I had to laugh which I think startled them.  I said - I use to think this way about people to a degree, but now I know otherwise.  It seems the closer you get to the Lord and the harder you try to walk on the right path the enemy is after you even more.  


We are going on Mission to Africa.  I have been on 2 other mission trips and know that as the plans come together the enemy works hard to stop the good from happening.  The first time I experienced this it was surreal.  I had heard that this happens - but had not lived it.  It is very real.

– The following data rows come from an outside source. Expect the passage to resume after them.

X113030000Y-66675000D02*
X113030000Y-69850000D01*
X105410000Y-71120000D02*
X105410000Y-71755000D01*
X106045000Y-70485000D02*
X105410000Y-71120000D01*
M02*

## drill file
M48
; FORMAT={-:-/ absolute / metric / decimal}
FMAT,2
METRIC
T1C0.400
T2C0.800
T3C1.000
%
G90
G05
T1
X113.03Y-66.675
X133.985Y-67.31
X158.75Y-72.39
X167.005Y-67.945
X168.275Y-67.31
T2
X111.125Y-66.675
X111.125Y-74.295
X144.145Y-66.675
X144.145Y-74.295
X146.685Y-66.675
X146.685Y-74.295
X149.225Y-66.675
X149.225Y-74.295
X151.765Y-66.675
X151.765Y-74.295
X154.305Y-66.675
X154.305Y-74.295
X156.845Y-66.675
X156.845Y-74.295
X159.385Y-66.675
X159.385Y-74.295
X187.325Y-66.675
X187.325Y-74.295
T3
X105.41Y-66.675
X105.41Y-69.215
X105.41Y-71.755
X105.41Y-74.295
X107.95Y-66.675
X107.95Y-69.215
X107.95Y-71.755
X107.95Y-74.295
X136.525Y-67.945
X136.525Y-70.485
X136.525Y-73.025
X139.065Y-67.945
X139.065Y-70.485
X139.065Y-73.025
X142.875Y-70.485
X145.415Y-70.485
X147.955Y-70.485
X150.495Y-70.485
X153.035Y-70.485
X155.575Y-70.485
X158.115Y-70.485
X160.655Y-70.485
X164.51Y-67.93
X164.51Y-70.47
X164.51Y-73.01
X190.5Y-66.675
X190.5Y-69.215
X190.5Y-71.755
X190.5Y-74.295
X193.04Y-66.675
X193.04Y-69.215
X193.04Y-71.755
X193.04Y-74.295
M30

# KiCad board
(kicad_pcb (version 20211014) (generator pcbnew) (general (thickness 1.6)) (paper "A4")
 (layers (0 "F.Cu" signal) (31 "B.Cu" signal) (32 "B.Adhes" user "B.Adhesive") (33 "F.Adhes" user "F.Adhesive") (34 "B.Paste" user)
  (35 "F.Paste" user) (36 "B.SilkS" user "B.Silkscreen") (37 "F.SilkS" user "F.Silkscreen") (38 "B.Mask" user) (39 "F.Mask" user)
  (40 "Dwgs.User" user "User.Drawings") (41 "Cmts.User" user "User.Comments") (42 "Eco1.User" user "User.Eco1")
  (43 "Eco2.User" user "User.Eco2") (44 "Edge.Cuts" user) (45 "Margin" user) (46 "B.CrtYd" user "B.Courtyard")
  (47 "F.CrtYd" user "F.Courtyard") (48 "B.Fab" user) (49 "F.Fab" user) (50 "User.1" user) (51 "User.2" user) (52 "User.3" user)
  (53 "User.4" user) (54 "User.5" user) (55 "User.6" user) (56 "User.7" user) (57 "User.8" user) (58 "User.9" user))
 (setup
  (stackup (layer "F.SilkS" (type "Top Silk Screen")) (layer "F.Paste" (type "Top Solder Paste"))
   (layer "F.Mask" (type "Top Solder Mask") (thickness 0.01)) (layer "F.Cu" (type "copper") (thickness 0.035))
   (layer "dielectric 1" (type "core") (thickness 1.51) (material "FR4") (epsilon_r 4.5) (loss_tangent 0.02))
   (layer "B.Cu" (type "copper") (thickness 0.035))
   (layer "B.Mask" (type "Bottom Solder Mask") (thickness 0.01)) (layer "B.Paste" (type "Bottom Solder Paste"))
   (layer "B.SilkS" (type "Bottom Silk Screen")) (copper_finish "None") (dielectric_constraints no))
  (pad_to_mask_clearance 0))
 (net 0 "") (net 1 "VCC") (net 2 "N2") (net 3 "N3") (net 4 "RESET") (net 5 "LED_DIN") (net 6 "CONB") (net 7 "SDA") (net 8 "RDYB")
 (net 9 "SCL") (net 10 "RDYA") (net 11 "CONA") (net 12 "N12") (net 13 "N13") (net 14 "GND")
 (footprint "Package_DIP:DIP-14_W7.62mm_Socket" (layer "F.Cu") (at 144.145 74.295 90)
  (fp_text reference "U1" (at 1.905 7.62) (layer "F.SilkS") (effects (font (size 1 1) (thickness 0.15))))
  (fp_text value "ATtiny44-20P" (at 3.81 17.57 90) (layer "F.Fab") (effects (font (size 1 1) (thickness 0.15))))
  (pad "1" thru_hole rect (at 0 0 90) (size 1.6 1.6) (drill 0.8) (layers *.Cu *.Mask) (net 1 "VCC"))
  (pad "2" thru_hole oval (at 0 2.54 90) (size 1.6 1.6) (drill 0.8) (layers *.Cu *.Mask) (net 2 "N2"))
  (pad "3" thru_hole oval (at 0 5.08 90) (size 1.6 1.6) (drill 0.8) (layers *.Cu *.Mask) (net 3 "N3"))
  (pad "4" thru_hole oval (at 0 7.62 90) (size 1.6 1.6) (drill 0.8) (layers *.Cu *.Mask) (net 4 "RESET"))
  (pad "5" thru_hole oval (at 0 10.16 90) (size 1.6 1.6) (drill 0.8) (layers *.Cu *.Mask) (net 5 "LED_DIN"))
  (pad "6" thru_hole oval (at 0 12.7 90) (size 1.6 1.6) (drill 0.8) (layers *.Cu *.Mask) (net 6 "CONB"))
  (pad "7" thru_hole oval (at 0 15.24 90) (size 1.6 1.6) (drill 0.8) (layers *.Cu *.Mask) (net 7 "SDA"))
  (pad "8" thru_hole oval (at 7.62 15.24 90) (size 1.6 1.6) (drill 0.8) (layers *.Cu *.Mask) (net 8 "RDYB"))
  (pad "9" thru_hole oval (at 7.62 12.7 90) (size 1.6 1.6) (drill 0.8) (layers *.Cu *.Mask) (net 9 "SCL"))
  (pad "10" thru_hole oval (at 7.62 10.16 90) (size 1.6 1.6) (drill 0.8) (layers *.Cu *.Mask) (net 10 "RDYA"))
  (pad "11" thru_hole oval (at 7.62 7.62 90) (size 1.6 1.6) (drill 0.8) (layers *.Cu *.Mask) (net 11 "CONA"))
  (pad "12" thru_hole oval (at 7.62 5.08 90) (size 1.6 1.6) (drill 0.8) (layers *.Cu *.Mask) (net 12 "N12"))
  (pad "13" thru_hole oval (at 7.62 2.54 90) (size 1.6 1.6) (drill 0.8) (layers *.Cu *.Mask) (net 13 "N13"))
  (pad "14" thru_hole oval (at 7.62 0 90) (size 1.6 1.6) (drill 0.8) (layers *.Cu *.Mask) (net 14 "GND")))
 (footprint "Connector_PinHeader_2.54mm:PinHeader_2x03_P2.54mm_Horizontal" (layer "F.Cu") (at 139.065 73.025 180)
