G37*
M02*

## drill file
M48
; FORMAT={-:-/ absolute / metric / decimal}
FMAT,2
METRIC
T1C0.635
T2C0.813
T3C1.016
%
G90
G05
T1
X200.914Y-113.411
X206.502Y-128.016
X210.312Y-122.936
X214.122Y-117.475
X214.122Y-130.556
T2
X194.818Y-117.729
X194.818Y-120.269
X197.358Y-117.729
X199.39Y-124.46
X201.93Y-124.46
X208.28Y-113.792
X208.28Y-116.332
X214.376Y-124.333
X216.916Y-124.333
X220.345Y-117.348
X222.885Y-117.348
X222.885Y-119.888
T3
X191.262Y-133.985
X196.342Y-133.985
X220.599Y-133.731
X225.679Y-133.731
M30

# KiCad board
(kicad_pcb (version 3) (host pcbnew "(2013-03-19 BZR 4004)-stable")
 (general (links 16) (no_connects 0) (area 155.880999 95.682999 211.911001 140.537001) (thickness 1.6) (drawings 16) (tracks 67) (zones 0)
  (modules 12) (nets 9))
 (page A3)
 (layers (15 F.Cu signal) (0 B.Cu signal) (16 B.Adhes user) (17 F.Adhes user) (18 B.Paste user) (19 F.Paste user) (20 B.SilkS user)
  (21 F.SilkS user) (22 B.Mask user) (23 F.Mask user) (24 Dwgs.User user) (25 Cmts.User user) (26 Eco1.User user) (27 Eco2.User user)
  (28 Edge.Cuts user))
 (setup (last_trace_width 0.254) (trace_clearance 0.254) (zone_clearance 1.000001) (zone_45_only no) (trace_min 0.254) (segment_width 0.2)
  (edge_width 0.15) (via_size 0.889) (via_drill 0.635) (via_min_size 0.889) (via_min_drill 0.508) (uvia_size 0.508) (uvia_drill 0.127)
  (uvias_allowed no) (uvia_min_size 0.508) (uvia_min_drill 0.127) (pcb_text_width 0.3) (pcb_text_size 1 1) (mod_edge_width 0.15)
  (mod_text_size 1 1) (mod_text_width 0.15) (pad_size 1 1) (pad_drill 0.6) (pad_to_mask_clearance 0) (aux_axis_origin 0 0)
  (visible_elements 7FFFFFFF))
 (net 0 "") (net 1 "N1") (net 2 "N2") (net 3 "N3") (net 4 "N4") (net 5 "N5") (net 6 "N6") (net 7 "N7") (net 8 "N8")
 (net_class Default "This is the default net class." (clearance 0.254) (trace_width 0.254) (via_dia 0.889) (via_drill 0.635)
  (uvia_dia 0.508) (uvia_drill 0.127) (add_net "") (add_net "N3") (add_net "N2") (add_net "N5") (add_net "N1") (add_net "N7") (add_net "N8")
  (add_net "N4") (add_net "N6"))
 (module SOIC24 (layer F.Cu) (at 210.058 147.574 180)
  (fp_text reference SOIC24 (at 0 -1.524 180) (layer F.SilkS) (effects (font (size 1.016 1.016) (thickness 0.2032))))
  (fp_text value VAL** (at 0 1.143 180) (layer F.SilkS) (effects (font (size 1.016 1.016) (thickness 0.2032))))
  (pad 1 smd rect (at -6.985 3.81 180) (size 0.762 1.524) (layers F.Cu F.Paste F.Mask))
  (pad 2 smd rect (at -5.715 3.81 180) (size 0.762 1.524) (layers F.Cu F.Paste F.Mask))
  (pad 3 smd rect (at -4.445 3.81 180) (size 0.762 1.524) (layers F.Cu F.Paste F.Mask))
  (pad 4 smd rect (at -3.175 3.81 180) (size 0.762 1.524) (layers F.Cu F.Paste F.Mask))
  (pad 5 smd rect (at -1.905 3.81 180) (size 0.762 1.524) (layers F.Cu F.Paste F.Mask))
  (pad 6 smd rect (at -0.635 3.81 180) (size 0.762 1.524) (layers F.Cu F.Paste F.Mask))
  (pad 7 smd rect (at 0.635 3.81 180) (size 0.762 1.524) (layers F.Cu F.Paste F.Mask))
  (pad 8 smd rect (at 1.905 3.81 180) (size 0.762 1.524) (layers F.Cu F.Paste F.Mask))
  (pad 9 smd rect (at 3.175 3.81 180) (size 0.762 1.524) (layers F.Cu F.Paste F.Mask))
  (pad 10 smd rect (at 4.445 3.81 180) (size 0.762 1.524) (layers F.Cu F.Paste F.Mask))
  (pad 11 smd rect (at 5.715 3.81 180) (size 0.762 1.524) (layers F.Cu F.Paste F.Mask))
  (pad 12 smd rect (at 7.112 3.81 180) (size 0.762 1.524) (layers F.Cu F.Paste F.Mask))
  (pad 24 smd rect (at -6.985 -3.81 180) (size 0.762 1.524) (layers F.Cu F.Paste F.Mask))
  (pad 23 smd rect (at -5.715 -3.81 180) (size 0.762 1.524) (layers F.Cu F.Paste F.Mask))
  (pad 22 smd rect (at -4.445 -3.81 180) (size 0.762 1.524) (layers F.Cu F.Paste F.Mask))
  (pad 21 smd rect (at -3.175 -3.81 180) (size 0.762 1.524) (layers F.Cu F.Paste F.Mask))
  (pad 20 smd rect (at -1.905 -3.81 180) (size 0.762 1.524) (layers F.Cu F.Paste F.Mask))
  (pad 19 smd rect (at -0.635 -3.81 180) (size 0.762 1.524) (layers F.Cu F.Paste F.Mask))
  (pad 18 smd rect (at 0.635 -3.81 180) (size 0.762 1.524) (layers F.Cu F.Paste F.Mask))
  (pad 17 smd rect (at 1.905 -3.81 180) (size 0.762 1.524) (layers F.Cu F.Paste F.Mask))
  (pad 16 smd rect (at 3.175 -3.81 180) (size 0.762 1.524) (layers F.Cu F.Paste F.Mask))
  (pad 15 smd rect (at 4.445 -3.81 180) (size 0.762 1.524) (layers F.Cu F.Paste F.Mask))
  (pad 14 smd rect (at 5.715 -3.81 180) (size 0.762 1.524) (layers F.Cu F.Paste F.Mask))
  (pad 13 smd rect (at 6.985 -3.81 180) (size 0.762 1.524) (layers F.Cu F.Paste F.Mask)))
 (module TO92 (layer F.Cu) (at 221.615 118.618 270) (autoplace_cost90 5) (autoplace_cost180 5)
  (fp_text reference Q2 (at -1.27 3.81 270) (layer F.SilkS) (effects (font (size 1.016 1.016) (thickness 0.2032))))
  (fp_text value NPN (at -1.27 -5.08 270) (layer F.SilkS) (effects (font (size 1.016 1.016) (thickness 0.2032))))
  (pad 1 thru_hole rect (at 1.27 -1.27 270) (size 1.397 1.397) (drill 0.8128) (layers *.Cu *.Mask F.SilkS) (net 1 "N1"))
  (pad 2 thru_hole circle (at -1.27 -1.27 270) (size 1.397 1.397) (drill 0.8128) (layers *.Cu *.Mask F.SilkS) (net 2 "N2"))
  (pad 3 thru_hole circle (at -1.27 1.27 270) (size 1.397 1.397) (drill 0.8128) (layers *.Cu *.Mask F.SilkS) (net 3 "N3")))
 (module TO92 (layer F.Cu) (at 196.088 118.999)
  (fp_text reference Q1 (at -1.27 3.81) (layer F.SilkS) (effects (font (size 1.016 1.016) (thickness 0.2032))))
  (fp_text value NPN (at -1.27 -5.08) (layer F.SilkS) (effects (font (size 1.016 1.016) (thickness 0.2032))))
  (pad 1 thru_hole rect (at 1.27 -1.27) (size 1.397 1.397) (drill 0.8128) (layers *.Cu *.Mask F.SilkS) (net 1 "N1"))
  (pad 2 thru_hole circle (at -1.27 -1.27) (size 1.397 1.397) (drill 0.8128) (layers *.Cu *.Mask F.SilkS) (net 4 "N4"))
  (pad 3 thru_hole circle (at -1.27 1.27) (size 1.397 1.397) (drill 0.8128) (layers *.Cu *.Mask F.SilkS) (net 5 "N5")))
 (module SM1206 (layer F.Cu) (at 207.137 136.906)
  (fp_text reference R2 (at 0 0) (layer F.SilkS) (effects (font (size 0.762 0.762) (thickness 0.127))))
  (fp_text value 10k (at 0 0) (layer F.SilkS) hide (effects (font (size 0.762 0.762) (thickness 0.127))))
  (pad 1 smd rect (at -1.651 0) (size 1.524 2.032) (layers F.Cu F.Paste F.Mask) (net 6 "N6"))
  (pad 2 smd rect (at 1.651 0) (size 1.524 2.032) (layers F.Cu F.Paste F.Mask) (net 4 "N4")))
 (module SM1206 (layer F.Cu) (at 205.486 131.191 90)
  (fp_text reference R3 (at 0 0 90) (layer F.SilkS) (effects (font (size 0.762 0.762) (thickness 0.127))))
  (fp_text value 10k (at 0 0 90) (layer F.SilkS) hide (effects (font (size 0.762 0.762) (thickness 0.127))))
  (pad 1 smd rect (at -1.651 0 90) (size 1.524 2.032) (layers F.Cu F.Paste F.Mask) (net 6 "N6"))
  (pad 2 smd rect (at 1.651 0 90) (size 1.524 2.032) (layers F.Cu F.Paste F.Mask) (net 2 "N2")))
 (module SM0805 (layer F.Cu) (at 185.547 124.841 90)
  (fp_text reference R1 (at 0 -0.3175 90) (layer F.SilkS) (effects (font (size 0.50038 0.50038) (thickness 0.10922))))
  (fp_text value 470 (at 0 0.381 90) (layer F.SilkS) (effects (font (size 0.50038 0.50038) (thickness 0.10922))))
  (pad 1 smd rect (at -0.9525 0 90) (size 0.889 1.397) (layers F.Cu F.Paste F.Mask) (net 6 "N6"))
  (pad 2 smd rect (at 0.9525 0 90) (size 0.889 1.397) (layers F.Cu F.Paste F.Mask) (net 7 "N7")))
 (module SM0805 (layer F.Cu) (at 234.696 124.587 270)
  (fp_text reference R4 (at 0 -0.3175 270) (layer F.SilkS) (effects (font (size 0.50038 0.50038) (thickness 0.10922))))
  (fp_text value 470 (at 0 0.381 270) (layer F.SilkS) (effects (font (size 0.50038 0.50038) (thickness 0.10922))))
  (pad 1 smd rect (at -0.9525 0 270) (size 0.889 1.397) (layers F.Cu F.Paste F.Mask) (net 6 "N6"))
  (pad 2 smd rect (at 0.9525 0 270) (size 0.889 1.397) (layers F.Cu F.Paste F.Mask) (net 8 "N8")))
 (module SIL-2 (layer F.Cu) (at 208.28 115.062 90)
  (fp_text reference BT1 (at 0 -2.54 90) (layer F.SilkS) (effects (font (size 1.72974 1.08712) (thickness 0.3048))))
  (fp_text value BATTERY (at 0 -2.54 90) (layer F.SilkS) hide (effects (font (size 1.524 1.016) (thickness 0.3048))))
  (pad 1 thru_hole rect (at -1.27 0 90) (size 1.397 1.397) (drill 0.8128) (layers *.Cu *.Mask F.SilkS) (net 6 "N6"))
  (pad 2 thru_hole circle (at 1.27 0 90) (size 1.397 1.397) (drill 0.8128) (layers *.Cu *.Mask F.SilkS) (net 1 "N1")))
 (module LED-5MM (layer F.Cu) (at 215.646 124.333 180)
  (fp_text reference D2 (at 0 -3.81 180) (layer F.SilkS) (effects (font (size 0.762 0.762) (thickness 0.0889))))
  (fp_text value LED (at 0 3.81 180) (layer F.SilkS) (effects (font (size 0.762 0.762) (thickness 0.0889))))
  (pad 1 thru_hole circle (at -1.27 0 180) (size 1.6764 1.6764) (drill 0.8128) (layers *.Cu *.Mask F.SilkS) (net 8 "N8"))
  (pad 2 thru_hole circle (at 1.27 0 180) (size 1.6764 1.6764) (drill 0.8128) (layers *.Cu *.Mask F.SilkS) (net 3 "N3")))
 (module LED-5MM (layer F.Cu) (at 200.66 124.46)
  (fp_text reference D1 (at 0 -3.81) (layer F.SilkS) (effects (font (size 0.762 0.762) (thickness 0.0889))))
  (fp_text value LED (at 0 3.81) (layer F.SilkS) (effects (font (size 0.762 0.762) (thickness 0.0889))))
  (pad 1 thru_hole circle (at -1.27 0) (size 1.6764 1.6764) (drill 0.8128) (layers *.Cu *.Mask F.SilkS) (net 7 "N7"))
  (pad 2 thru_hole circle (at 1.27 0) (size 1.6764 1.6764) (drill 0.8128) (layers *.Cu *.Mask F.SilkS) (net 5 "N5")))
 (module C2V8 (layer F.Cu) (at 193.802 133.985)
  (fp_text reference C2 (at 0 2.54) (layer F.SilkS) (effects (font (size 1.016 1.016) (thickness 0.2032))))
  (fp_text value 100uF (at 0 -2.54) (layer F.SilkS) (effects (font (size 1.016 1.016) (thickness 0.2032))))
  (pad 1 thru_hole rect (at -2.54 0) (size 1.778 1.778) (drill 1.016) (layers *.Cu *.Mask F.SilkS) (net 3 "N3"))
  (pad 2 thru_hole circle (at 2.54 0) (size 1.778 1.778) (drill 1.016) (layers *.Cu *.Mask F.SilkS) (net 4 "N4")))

I was feeling good that nothing so far has come up since Trenton and I took the leap of faith and made the commitment to go to Rwanda this summer.  I was feeling too good.  Then the other shoe dropped a few hours later.  Taylor who has struggled for a long while suffered a setback and a situation occurred yesterday.  It was very emotionally draining and try as I may to protect all my kids sometimes you just can't.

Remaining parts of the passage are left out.